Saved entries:

———

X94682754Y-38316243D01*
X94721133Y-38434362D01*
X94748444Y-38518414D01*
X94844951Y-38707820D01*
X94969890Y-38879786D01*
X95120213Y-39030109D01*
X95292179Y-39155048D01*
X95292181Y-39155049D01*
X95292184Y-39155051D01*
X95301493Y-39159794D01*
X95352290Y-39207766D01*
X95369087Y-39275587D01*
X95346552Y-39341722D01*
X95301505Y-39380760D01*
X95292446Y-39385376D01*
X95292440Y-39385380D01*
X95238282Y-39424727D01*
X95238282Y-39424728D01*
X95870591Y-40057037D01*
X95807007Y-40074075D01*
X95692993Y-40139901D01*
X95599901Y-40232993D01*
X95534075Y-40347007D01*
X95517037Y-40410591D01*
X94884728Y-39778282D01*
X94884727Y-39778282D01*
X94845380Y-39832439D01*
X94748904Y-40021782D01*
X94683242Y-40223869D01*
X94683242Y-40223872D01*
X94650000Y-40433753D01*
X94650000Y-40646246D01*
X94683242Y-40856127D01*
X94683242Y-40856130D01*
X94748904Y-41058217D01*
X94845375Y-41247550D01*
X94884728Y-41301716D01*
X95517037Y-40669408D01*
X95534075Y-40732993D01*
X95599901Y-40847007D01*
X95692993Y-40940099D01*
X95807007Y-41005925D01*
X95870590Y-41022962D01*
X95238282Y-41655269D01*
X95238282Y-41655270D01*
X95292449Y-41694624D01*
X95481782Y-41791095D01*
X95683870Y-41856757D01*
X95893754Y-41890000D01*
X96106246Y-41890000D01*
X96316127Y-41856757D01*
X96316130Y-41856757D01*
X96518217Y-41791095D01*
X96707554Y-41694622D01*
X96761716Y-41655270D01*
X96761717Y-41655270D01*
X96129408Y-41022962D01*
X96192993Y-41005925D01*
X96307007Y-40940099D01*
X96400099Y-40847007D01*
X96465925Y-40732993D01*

———

TASK TO COMPLETE: Extract the data exactly as given.

RESPONSE BELOW:
X94682754Y-38316243D01*
X94721133Y-38434362D01*
X94748444Y-38518414D01*
X94844951Y-38707820D01*
X94969890Y-38879786D01*
X95120213Y-39030109D01*
X95292179Y-39155048D01*
X95292181Y-39155049D01*
X95292184Y-39155051D01*
X95301493Y-39159794D01*
X95352290Y-39207766D01*
X95369087Y-39275587D01*
X95346552Y-39341722D01*
X95301505Y-39380760D01*
X95292446Y-39385376D01*
X95292440Y-39385380D01*
X95238282Y-39424727D01*
X95238282Y-39424728D01*
X95870591Y-40057037D01*
X95807007Y-40074075D01*
X95692993Y-40139901D01*
X95599901Y-40232993D01*
X95534075Y-40347007D01*
X95517037Y-40410591D01*
X94884728Y-39778282D01*
X94884727Y-39778282D01*
X94845380Y-39832439D01*
X94748904Y-40021782D01*
X94683242Y-40223869D01*
X94683242Y-40223872D01*
X94650000Y-40433753D01*
X94650000Y-40646246D01*
X94683242Y-40856127D01*
X94683242Y-40856130D01*
X94748904Y-41058217D01*
X94845375Y-41247550D01*
X94884728Y-41301716D01*
X95517037Y-40669408D01*
X95534075Y-40732993D01*
X95599901Y-40847007D01*
X95692993Y-40940099D01*
X95807007Y-41005925D01*
X95870590Y-41022962D01*
X95238282Y-41655269D01*
X95238282Y-41655270D01*
X95292449Y-41694624D01*
X95481782Y-41791095D01*
X95683870Y-41856757D01*
X95893754Y-41890000D01*
X96106246Y-41890000D01*
X96316127Y-41856757D01*
X96316130Y-41856757D01*
X96518217Y-41791095D01*
X96707554Y-41694622D01*
X96761716Y-41655270D01*
X96761717Y-41655270D01*
X96129408Y-41022962D01*
X96192993Y-41005925D01*
X96307007Y-40940099D01*
X96400099Y-40847007D01*
X96465925Y-40732993D01*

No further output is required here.